[Dataset entries]
__________

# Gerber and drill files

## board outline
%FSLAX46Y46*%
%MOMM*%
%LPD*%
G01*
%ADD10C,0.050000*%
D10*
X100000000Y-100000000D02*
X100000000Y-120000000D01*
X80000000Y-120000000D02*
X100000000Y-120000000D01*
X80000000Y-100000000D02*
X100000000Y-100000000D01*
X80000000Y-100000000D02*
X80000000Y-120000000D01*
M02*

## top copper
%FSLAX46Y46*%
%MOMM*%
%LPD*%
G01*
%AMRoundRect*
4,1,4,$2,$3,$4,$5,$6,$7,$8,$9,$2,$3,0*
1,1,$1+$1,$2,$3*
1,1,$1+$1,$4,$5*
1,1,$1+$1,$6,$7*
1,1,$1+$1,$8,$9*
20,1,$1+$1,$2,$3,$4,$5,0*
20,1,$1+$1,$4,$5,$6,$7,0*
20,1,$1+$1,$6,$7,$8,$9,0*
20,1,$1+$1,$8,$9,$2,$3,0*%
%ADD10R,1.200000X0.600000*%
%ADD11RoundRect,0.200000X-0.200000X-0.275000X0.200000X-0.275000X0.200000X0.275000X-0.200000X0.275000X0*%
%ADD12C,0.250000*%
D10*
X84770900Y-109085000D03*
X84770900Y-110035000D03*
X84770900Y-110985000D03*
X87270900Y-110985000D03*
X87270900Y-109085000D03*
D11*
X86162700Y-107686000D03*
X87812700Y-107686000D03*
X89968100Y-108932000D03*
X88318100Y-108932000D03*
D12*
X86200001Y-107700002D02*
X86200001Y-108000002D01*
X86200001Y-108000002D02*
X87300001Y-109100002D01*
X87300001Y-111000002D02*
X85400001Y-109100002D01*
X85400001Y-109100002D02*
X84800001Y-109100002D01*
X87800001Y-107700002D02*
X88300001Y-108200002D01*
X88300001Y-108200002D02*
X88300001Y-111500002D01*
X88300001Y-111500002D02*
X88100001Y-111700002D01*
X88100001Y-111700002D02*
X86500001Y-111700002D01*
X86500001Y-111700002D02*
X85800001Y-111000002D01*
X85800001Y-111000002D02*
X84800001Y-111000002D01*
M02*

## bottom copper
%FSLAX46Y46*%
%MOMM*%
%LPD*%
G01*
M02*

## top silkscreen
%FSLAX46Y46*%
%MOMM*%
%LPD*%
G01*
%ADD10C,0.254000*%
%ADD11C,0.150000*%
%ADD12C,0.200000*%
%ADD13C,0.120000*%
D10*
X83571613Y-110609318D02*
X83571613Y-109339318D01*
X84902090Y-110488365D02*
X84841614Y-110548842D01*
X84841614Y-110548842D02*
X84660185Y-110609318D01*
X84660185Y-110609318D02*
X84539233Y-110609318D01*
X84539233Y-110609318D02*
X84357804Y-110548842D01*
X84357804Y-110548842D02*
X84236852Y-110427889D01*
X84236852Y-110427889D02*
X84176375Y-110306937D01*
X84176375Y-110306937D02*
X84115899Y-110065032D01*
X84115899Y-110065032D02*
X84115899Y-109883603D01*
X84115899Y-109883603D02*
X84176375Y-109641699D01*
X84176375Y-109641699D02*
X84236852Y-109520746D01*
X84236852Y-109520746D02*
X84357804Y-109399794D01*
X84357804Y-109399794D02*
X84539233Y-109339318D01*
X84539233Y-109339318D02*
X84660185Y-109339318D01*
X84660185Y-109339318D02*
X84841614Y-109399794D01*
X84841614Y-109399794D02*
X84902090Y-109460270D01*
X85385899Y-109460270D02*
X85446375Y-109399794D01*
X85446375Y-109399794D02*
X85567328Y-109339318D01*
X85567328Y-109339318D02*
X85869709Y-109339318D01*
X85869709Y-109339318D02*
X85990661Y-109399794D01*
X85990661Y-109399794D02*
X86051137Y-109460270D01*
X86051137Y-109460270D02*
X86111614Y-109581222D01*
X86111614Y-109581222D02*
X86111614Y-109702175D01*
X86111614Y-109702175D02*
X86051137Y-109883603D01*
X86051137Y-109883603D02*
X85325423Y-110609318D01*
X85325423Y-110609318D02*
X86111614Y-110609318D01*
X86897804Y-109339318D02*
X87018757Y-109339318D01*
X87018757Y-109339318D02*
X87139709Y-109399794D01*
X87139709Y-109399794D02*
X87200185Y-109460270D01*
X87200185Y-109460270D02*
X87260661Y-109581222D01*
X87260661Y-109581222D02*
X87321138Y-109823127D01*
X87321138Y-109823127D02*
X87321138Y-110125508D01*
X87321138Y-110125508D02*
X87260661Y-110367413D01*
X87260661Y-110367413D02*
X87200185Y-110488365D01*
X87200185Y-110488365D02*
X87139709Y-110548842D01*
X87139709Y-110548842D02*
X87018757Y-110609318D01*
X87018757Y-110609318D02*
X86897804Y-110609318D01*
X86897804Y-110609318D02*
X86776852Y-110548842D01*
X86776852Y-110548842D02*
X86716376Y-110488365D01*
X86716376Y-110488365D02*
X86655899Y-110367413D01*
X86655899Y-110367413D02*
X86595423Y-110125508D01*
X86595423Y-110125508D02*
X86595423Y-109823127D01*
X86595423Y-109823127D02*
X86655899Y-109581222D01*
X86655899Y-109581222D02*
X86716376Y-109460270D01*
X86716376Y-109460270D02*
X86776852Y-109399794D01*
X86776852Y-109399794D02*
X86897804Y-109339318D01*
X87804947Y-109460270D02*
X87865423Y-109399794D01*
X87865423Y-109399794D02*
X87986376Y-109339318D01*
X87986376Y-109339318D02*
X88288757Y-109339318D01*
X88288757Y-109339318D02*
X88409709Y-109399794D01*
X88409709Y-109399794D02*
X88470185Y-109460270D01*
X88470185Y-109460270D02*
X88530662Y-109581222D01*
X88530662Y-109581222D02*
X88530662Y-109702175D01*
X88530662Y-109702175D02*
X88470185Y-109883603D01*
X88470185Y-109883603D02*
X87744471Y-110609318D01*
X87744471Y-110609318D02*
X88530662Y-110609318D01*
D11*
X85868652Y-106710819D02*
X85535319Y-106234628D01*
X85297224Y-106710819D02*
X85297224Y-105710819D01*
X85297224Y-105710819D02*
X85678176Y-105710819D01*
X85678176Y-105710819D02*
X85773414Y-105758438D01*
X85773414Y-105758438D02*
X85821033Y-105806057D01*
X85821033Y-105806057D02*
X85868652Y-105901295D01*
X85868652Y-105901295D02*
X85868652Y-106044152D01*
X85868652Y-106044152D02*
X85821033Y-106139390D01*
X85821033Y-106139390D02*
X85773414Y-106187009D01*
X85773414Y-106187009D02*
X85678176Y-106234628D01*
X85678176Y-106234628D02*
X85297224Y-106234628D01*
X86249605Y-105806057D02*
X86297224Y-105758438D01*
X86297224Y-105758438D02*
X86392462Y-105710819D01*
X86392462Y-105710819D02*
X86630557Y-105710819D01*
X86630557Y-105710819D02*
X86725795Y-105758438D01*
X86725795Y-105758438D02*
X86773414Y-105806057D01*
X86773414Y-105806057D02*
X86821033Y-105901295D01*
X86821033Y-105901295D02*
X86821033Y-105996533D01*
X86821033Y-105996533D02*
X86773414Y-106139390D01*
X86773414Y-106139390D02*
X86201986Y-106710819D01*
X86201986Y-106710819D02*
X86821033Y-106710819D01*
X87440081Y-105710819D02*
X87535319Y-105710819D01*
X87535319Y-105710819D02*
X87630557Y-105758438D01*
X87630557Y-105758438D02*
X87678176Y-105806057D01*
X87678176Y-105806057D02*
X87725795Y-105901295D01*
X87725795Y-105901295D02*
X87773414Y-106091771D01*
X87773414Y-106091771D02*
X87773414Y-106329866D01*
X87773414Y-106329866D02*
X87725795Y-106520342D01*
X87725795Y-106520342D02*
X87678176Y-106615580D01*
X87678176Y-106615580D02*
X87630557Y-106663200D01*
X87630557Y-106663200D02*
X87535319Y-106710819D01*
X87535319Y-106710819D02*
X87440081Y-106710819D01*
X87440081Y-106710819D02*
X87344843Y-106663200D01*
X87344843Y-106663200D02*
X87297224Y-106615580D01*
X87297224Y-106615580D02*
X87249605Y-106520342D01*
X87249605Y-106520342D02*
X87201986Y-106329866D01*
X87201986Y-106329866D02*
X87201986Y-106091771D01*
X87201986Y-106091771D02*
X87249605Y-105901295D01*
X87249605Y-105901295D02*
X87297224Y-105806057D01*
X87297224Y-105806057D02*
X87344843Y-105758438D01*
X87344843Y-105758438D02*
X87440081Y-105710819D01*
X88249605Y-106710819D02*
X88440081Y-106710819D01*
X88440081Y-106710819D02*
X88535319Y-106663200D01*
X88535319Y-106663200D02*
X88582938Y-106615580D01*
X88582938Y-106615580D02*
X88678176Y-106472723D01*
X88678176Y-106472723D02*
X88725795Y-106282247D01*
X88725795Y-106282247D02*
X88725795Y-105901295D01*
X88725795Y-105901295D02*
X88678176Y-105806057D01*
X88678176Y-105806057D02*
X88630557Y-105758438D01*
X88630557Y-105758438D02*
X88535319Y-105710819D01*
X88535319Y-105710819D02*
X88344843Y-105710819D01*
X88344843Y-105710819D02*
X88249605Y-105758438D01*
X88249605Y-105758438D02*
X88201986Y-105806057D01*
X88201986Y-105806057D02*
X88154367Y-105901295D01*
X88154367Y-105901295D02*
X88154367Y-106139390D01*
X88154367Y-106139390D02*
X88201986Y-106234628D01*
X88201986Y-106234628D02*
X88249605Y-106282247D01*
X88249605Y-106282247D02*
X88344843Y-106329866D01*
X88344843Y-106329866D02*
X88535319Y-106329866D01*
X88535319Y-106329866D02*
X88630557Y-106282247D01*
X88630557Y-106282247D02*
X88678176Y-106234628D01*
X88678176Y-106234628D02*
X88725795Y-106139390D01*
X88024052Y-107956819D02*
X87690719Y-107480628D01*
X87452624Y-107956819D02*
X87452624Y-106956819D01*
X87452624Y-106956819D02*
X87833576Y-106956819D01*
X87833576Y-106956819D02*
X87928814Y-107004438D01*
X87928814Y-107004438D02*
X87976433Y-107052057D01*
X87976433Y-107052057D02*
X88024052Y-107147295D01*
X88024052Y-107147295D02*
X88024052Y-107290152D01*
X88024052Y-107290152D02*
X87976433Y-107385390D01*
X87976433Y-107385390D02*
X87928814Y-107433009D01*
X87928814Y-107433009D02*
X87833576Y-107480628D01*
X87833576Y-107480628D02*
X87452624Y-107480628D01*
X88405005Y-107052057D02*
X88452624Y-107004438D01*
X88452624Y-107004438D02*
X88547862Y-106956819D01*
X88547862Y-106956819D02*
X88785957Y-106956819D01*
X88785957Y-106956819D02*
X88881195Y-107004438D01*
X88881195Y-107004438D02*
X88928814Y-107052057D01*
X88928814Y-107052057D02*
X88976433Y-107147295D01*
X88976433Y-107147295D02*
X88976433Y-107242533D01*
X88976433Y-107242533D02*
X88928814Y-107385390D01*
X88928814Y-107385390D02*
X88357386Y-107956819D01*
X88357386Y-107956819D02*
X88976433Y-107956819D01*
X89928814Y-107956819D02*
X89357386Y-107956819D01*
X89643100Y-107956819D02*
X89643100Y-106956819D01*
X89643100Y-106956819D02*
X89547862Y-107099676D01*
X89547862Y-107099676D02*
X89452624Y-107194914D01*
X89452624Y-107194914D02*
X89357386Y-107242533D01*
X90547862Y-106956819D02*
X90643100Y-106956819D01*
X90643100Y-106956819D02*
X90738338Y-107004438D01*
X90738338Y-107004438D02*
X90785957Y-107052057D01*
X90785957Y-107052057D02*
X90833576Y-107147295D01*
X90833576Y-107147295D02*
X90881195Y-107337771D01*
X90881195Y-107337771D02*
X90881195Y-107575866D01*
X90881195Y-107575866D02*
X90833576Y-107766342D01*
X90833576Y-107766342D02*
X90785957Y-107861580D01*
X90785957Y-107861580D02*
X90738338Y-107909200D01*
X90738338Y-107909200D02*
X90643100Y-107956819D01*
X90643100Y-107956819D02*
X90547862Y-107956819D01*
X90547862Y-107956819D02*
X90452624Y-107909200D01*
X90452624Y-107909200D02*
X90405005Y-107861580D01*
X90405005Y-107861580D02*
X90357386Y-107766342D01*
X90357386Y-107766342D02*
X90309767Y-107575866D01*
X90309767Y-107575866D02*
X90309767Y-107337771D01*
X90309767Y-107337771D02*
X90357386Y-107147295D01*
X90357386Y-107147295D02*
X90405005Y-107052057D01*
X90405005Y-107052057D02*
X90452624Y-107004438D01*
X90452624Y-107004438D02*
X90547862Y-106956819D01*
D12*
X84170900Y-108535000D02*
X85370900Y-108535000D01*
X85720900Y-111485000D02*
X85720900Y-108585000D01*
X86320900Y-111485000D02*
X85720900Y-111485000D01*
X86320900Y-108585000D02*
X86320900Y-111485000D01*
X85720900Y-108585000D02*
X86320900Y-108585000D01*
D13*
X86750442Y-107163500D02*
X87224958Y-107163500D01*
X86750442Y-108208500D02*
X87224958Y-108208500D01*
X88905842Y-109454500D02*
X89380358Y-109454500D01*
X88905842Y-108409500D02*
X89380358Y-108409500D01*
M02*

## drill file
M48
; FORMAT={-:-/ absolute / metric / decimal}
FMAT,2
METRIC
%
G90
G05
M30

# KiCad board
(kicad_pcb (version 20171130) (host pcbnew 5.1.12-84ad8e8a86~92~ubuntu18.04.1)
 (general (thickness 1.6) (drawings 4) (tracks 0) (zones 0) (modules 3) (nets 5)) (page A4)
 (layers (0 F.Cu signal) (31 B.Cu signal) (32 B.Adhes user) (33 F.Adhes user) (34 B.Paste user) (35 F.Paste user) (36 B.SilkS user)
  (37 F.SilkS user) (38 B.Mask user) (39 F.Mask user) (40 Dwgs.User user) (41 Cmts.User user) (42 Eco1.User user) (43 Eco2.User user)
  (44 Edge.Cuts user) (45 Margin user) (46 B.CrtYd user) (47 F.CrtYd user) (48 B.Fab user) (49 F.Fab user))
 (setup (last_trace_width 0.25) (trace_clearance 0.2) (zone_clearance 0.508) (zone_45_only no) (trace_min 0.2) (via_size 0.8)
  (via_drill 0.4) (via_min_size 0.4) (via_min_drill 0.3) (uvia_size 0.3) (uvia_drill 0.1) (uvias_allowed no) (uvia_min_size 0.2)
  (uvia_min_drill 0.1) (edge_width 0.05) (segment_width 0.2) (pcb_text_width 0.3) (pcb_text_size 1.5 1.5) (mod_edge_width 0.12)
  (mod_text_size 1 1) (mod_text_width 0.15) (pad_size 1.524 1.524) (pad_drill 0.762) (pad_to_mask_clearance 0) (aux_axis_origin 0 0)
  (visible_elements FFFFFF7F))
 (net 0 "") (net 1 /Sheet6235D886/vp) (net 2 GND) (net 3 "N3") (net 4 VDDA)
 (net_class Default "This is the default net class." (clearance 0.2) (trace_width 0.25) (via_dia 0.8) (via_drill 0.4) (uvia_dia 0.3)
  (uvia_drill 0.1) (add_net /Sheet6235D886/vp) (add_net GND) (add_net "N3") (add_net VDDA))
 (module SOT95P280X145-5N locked (layer F.Cu) (at 86.020900 110.035000)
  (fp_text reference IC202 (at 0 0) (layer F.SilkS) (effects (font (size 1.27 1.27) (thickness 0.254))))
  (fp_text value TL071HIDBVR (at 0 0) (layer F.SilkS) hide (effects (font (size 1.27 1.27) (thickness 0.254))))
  (fp_line (start -1.85 -1.5) (end -0.65 -1.5) (layer F.SilkS) (width 0.2))
  (fp_line (start -0.3 1.45) (end -0.3 -1.45) (layer F.SilkS) (width 0.2))
  (fp_line (start 0.3 1.45) (end -0.3 1.45) (layer F.SilkS) (width 0.2))
  (fp_line (start 0.3 -1.45) (end 0.3 1.45) (layer F.SilkS) (width 0.2))
  (fp_line (start -0.3 -1.45) (end 0.3 -1.45) (layer F.SilkS) (width 0.2))
  (pad 1 smd rect (at -1.25 -0.95 90.000000) (size 0.6 1.2) (layers F.Cu F.Mask F.Paste) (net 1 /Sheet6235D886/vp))
  (pad 2 smd rect (at -1.25 0 90.000000) (size 0.6 1.2) (layers F.Cu F.Mask F.Paste) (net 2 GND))
  (pad 3 smd rect (at -1.25 0.95 90.000000) (size 0.6 1.2) (layers F.Cu F.Mask F.Paste) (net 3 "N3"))
  (pad 4 smd rect (at 1.25 0.95 90.000000) (size 0.6 1.2) (layers F.Cu F.Mask F.Paste) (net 1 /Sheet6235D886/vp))
  (pad 5 smd rect (at 1.25 -0.95 90.000000) (size 0.6 1.2) (layers F.Cu F.Mask F.Paste) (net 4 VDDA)))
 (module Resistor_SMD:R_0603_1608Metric (layer F.Cu) (at 86.987700 107.686000)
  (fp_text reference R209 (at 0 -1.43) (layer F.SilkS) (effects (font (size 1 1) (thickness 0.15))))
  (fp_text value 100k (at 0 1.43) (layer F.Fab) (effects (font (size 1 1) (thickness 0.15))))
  (fp_line (start -0.237258 -0.5225) (end 0.237258 -0.5225) (layer F.SilkS) (width 0.12))
  (fp_line (start -0.237258 0.5225) (end 0.237258 0.5225) (layer F.SilkS) (width 0.12))
  (pad 1 smd roundrect (at -0.825 0) (size 0.8 0.95) (layers F.Cu F.Mask F.Paste) (roundrect_rratio 0.25) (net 4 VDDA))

__________

→ **Task brief**: Each line in the entries above, starting at the line with "X89380358Y-109454500D01*" and ending at the line with "(kicad_pcb (version 20171130)", is to be printed exactly, and only those lines.

→ **Answer to the exercise**:
X89380358Y-109454500D01*
X88905842Y-108409500D02*
X89380358Y-108409500D01*
M02*

## drill file
M48
; FORMAT={-:-/ absolute / metric / decimal}
FMAT,2
METRIC
%
G90
G05
M30

# KiCad board
(kicad_pcb (version 20171130) (host pcbnew 5.1.12-84ad8e8a86~92~ubuntu18.04.1)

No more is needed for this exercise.